Easy Bibimbap with Gochujang Sauce
- 3/4 cup short-grain brown or white rice, rinsed (soaking for 12-24 hours to speed cooking is optional*)
- 1 ½ cups water (if rice was soaked, reduce water by about 1/4 cup (60 ml) as recipe is written)
- 1 pinch sea salt
VEGGIES + EGG
- 2-3 Tbsp sesame oil, DIVIDED (toasted for more flavor, untoasted works, too*)
- 3 cups packed mixed vegetables (such as finely shredded carrot, thinly sliced zucchini, or spinach)
- 1 heaping cup bean sprouts (if you can’t find, sub more mixed vegetables)
- 2 stalks green onion, sliced on an angle
- 2 cloves garlic, minced
- 2 Tbsp coconut aminos, DIVIDED (or sub tamari to taste, or sea salt)
- 2 large eggs* (we recommend organic, pasture-raised, and as ethically sourced as possible, such as Vital Farms)
- Optional: If soaking rice, rinse, drain, and add to a mixing bowl and cover with cool water.
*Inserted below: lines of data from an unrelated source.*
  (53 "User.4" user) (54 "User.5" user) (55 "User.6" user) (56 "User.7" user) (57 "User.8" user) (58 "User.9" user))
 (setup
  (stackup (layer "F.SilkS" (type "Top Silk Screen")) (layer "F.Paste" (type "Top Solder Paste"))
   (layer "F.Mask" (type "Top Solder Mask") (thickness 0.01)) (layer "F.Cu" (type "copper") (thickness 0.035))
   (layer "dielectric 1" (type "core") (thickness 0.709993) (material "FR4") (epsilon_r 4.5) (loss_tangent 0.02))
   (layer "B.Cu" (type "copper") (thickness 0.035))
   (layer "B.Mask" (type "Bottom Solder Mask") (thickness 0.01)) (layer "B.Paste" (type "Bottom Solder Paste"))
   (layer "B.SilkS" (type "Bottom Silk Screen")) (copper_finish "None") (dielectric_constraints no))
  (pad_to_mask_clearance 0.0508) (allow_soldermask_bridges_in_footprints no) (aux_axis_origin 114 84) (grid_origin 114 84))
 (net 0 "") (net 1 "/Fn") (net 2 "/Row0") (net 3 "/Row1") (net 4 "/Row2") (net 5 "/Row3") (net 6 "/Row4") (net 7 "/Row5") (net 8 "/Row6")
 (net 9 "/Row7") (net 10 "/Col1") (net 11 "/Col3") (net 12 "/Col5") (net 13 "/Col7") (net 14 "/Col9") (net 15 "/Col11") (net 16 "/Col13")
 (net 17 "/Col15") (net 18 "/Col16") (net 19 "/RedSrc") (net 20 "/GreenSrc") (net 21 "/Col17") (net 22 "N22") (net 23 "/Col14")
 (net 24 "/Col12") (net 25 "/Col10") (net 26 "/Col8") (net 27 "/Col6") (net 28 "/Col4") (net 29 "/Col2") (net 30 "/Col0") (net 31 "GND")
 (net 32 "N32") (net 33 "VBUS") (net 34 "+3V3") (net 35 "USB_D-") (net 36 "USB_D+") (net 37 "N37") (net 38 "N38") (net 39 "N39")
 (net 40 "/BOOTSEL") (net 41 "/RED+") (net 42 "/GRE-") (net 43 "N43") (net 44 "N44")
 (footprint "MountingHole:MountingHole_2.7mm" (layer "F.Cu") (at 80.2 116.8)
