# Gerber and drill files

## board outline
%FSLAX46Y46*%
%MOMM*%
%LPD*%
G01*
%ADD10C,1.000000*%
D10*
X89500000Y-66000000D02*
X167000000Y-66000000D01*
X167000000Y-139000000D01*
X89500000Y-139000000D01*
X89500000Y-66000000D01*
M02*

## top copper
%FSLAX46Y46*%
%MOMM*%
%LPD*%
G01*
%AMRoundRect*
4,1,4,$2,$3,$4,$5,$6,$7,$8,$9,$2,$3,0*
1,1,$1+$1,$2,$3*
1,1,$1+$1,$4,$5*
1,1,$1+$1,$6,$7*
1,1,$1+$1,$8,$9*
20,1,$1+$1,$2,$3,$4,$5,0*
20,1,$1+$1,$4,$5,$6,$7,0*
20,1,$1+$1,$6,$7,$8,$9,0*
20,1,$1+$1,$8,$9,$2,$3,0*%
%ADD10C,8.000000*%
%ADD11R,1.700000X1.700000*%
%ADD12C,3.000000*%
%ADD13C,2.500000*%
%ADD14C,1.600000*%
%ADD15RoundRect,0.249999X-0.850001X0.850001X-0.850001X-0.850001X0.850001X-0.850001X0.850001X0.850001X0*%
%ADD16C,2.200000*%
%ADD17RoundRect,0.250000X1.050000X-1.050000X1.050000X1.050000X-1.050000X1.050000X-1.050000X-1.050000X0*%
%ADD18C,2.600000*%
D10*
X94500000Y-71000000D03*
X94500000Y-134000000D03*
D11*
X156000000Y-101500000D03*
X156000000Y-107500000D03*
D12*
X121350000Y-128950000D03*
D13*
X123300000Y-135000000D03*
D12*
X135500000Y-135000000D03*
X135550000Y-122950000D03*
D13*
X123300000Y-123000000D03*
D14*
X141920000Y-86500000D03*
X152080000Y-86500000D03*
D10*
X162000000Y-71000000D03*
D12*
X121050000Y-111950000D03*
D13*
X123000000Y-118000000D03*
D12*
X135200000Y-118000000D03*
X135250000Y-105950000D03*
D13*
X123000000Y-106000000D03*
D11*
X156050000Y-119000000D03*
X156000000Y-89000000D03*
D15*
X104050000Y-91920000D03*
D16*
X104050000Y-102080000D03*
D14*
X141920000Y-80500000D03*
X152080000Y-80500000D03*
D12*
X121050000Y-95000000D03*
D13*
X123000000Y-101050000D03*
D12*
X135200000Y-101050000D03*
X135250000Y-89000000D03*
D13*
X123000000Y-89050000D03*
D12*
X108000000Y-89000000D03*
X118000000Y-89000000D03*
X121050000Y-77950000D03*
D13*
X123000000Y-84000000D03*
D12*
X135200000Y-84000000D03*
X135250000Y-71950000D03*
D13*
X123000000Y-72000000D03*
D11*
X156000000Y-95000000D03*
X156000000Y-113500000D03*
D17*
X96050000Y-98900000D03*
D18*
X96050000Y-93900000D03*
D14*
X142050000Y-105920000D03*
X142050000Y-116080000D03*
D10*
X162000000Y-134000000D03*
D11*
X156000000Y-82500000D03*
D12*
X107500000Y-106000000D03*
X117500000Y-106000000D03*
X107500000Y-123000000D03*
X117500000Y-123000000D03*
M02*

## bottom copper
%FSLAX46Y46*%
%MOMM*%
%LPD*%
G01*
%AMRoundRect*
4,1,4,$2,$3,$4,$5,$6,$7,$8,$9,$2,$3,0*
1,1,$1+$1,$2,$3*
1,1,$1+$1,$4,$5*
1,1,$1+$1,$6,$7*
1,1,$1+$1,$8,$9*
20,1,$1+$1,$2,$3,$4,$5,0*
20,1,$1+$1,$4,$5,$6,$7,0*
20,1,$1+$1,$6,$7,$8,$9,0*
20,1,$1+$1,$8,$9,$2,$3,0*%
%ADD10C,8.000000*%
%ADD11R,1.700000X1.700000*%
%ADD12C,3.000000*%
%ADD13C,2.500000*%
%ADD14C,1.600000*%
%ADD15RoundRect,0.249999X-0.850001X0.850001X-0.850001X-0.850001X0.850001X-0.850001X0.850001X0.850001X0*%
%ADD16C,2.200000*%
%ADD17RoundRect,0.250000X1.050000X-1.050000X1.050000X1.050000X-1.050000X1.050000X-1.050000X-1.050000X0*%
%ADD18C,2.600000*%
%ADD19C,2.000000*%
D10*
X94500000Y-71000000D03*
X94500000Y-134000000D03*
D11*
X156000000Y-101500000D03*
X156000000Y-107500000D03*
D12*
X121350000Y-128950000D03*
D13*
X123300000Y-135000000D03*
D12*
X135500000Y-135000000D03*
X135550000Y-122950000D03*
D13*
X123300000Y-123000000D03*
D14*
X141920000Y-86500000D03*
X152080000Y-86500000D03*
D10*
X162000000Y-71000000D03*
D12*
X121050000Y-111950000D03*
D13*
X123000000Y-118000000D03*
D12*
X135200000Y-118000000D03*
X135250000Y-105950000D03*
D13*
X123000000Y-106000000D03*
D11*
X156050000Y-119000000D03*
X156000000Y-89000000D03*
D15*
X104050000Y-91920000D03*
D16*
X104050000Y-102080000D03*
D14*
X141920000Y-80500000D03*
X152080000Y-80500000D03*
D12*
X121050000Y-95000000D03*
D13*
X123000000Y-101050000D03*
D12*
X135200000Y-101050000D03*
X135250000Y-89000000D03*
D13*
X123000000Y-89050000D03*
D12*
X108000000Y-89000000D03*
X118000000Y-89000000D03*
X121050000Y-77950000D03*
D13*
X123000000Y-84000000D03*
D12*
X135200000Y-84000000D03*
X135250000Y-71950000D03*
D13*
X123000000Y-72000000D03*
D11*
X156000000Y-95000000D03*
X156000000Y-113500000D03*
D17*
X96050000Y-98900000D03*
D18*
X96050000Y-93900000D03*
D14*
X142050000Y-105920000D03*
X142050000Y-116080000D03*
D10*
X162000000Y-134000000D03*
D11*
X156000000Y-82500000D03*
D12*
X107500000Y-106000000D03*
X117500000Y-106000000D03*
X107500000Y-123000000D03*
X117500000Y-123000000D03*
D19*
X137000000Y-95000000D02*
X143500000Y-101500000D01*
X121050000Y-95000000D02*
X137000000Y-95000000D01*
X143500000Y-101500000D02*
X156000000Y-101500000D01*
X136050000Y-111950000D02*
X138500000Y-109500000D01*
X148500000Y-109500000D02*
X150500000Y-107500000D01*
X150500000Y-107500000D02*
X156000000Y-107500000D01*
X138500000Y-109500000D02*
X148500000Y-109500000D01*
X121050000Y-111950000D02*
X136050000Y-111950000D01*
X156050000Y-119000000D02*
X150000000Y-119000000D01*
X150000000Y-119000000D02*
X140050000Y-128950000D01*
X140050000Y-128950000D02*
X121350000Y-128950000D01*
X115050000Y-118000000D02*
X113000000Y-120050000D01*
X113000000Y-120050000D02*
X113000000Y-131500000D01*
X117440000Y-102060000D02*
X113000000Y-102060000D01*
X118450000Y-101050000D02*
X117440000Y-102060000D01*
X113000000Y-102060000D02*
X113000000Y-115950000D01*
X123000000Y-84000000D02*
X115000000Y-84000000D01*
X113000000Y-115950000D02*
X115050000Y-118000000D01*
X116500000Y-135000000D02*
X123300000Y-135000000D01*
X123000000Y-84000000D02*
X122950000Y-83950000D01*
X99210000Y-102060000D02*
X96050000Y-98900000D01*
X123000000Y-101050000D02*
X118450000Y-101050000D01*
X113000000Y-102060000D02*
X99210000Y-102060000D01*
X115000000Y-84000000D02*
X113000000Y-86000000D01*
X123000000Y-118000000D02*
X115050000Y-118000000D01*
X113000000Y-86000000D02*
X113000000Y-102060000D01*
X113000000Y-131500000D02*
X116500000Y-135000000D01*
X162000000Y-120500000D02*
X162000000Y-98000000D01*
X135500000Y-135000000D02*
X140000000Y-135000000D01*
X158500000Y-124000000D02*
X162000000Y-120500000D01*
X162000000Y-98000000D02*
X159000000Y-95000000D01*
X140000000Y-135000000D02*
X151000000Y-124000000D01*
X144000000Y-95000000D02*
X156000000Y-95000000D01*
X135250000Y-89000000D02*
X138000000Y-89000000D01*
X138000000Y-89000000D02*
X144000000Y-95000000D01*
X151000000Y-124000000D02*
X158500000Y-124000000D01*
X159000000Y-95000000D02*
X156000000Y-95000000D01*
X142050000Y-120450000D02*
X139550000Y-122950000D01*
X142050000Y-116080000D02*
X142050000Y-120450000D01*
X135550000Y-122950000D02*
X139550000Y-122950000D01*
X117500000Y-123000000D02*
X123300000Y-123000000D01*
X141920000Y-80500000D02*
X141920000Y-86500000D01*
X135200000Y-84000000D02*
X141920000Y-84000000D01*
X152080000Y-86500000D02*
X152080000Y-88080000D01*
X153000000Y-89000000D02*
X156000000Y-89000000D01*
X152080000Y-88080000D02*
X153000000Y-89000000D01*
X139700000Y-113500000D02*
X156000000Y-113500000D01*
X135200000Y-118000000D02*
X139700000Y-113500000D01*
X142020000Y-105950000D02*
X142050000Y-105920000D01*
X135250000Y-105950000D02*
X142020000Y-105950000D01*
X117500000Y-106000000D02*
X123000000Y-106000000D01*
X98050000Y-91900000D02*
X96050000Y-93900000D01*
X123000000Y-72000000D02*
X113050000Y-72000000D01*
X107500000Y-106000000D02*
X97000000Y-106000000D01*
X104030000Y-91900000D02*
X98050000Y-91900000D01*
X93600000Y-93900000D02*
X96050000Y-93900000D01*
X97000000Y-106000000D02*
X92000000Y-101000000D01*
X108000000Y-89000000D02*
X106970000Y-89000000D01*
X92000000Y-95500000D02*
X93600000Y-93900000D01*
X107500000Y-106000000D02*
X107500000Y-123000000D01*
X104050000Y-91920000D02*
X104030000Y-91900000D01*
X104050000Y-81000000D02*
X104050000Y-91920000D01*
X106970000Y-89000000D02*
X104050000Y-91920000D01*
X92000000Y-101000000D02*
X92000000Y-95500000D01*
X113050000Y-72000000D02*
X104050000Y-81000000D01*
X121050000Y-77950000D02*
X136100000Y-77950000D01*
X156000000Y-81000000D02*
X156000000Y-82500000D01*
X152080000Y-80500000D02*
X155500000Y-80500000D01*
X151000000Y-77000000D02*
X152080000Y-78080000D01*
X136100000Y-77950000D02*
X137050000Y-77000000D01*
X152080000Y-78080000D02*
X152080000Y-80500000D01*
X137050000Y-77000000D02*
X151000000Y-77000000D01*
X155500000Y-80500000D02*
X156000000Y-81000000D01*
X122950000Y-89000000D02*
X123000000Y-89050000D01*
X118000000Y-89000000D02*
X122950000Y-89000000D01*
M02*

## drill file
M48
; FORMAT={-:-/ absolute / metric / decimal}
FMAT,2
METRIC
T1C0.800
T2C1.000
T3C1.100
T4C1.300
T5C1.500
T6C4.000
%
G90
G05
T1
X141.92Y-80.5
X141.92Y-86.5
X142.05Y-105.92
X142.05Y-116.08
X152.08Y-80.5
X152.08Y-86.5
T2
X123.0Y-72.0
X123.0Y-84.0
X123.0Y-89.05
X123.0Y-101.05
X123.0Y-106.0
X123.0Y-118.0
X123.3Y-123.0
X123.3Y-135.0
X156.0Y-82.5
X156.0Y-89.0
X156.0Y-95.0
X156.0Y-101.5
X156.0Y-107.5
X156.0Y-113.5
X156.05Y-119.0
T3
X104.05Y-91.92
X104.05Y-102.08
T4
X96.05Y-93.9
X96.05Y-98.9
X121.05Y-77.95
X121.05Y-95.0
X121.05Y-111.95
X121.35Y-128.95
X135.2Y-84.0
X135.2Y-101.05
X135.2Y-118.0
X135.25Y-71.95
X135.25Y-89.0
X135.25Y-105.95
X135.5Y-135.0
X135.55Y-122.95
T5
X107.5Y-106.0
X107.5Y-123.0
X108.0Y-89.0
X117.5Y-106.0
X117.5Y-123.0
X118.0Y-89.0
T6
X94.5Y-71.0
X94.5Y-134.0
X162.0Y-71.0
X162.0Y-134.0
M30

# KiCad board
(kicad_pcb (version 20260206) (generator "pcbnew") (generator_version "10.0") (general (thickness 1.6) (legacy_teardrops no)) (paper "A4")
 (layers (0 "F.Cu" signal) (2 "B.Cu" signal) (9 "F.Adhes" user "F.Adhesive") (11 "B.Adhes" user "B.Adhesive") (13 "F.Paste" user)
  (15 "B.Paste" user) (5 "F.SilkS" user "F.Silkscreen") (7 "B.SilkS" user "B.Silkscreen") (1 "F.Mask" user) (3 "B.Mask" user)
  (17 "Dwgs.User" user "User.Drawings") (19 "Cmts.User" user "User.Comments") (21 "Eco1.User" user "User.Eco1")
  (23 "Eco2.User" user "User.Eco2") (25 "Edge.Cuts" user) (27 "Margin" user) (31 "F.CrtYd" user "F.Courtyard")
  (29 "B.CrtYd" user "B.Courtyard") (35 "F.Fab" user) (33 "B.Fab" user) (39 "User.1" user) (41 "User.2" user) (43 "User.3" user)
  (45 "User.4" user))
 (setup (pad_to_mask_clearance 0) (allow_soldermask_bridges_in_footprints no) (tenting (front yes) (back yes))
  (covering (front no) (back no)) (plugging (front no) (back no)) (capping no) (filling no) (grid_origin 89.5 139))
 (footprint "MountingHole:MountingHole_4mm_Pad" (layer "F.Cu") (at 94.5 71)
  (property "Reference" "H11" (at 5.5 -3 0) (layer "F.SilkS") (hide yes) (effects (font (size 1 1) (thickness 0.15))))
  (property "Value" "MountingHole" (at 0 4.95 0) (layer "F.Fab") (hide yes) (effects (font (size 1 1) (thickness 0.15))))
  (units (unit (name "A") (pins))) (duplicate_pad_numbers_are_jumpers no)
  (pad "1" thru_hole circle (at 0 0) (size 8 8) (drill 4) (layers "*.Cu" "*.Mask") (remove_unused_layers no) (zone_connect 2)))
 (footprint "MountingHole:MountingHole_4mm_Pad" (layer "F.Cu") (at 94.5 134)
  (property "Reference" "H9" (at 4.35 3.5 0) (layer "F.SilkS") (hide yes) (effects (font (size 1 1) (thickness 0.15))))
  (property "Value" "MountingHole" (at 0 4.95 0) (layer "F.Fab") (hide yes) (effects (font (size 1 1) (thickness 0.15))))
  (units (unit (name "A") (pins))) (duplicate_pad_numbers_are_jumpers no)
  (pad "1" thru_hole circle (at 0 0) (size 8 8) (drill 4) (layers "*.Cu" "*.Mask") (remove_unused_layers no) (zone_connect 2)))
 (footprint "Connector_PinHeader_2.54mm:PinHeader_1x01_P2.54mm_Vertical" (layer "F.Cu") (at 156 101.5)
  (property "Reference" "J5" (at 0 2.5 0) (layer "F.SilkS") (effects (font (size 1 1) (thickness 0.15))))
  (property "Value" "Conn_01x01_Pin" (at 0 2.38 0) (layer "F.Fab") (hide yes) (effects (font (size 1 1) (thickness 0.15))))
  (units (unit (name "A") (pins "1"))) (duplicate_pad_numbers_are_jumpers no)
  (pad "1" thru_hole rect (at 0 0) (size 1.7 1.7) (drill 1) (layers "*.Cu" "*.Mask") (remove_unused_layers no) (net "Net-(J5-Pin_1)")))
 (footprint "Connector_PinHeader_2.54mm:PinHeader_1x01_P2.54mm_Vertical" (layer "F.Cu") (at 156 107.5)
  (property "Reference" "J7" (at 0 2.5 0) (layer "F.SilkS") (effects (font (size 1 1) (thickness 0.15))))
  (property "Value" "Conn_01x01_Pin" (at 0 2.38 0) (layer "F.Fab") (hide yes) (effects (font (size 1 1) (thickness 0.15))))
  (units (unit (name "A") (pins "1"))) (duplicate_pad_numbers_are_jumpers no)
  (pad "1" thru_hole rect (at 0 0) (size 1.7 1.7) (drill 1) (layers "*.Cu" "*.Mask") (remove_unused_layers no) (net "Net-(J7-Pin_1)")))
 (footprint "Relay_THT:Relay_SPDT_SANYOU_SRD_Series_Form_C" (layer "F.Cu") (at 121.35 128.95)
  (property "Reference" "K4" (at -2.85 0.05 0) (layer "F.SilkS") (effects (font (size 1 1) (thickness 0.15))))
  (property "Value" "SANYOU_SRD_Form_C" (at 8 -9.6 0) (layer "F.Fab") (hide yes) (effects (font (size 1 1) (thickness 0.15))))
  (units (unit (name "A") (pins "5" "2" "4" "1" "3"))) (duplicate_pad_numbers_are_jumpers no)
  (pad "1" thru_hole circle (at 0 0 90) (size 3 3) (drill 1.3) (layers "*.Cu" "*.Mask") (remove_unused_layers no) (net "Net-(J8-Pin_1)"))
  (pad "2" thru_hole circle (at 1.95 6.05 90) (size 2.5 2.5) (drill 1) (layers "*.Cu" "*.Mask") (remove_unused_layers no) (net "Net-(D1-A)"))
  (pad "3" thru_hole circle (at 14.15 6.05 90) (size 3 3) (drill 1.3) (layers "*.Cu" "*.Mask") (remove_unused_layers no)
   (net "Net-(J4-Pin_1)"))
  (pad "4" thru_hole circle (at 14.2 -6 90) (size 3 3) (drill 1.3) (layers "*.Cu" "*.Mask") (remove_unused_layers no) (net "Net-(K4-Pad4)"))
  (pad "5" thru_hole circle (at 1.95 -5.95 90) (size 2.5 2.5) (drill 1) (layers "*.Cu" "*.Mask") (remove_unused_layers no)
   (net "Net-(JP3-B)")))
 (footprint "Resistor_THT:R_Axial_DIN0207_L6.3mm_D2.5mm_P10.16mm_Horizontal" (layer "F.Cu") (at 141.92 86.5)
Soak for 12 hours or overnight. For a quicker soak, cover in hot water for 1 hour. Then rinse and drain.
- To a medium saucepan, add cooking water (if you soaked your rice, start with 1 ¼ cups water as recipe is written), rinsed rice, and salt. Heat over high heat and bring to a boil, reduce heat to simmer, and cover. Cook for 15-20 minutes or until water is absorbed and rice is tender and fluffy. Soaked rice generally takes less time to cook. Unsoaked rice can take up to 30 minutes or more. Keep covered and set aside.
- In the meantime, prepare Gochujang sauce. Skip if using store-bought.
- While the rice finishes cooking, heat a large skillet over medium heat (stainless steel or cast iron are best). Once hot, add 1 tsp of sesame oil or enough to just coat the pan.
- Once the oil is hot, add vegetables one type at a time and cook in batches until lightly browned (1-2 minutes), seasoning each with a little minced garlic and a dash of coconut aminos, tamari, or sea salt. Cooking in batches allows you to arrange vegetables separately over the rice for visual effect. We cooked the zucchini first, then carrots, green onion, bean sprouts, and spinach. Add more oil to the pan as needed between vegetables.
- Arrange cooked vegetables in individual piles on a serving plate and cover gently to keep warm until serving.
- To cook eggs (if vegan, see notes for options!), heat the same pan over medium heat. Once hot, add a little more oil (sesame or otherwise), and carefully crack eggs. For sunny-side up (our preference), cover briefly with a lid to steam for 1 minute, then remove lid and continue cooking until whites are cooked but yolks are still runny. Turn off heat and set aside (uncovered).
- To serve, divide desired amount of rice between serving bowls (see notes for traditional dolsot recommendations and crispy rice hacks!) and top with portions of cooked veggies and egg.
- Serve with 1-2 Tbsp Gochujang, kimchi (optional), and a dash of sesame seeds (optional). Bibimbap means “mixed rice,” so once your egg and Gochujang sauce are added, use a spoon or your chopsticks to stir everything together and mix the flavors. Then enjoy!
- This dish is best fresh, but leftovers can be stored in the refrigerator up to 2 days and be reheated on the stovetop over medium heat as a stir fry. Not freezer-friendly.
*Sesame oil can be found at Asian markets and most grocery stores and is fairly affordable. Its flavor really works best in this recipe and either toasted or untoasted can be used. But it can be subbed with avocado or refined coconut oil for a similar result (don’t use virgin coconut oil or the dish will taste like coconut).
*If vegan, omit the egg and sub our Crispy Baked Peanut Tofu, Quick Scrambled Tofu (similar to the tofu in this recipe), or just double up on veggies!
*To keep this bowl grain-free, omit grains and double up on veggies or sub cauliflower rice!
*In this recipe we served the bibimbap in bowls, but you can purchase Korean-style dolsot bowls, which allow you to cook the bibimbap after plating to get the rice crispy on the bottom of the bowl. However, for a similar effect, simply stir fry rice in a little sesame oil in a hot pan for a few minutes, tossing occasionally, until toasty and golden brown.
*Nutrition information is a rough estimate calculated with equal amounts of carrot, zucchini, and spinach for the mixed vegetables, with lesser amounts of sesame oil and Gochujang sauce, and without optional ingredients.
*Recipe method adapted from the amazing Maangchi, and inspired by our many bowls of bibimbap while visiting South Korea!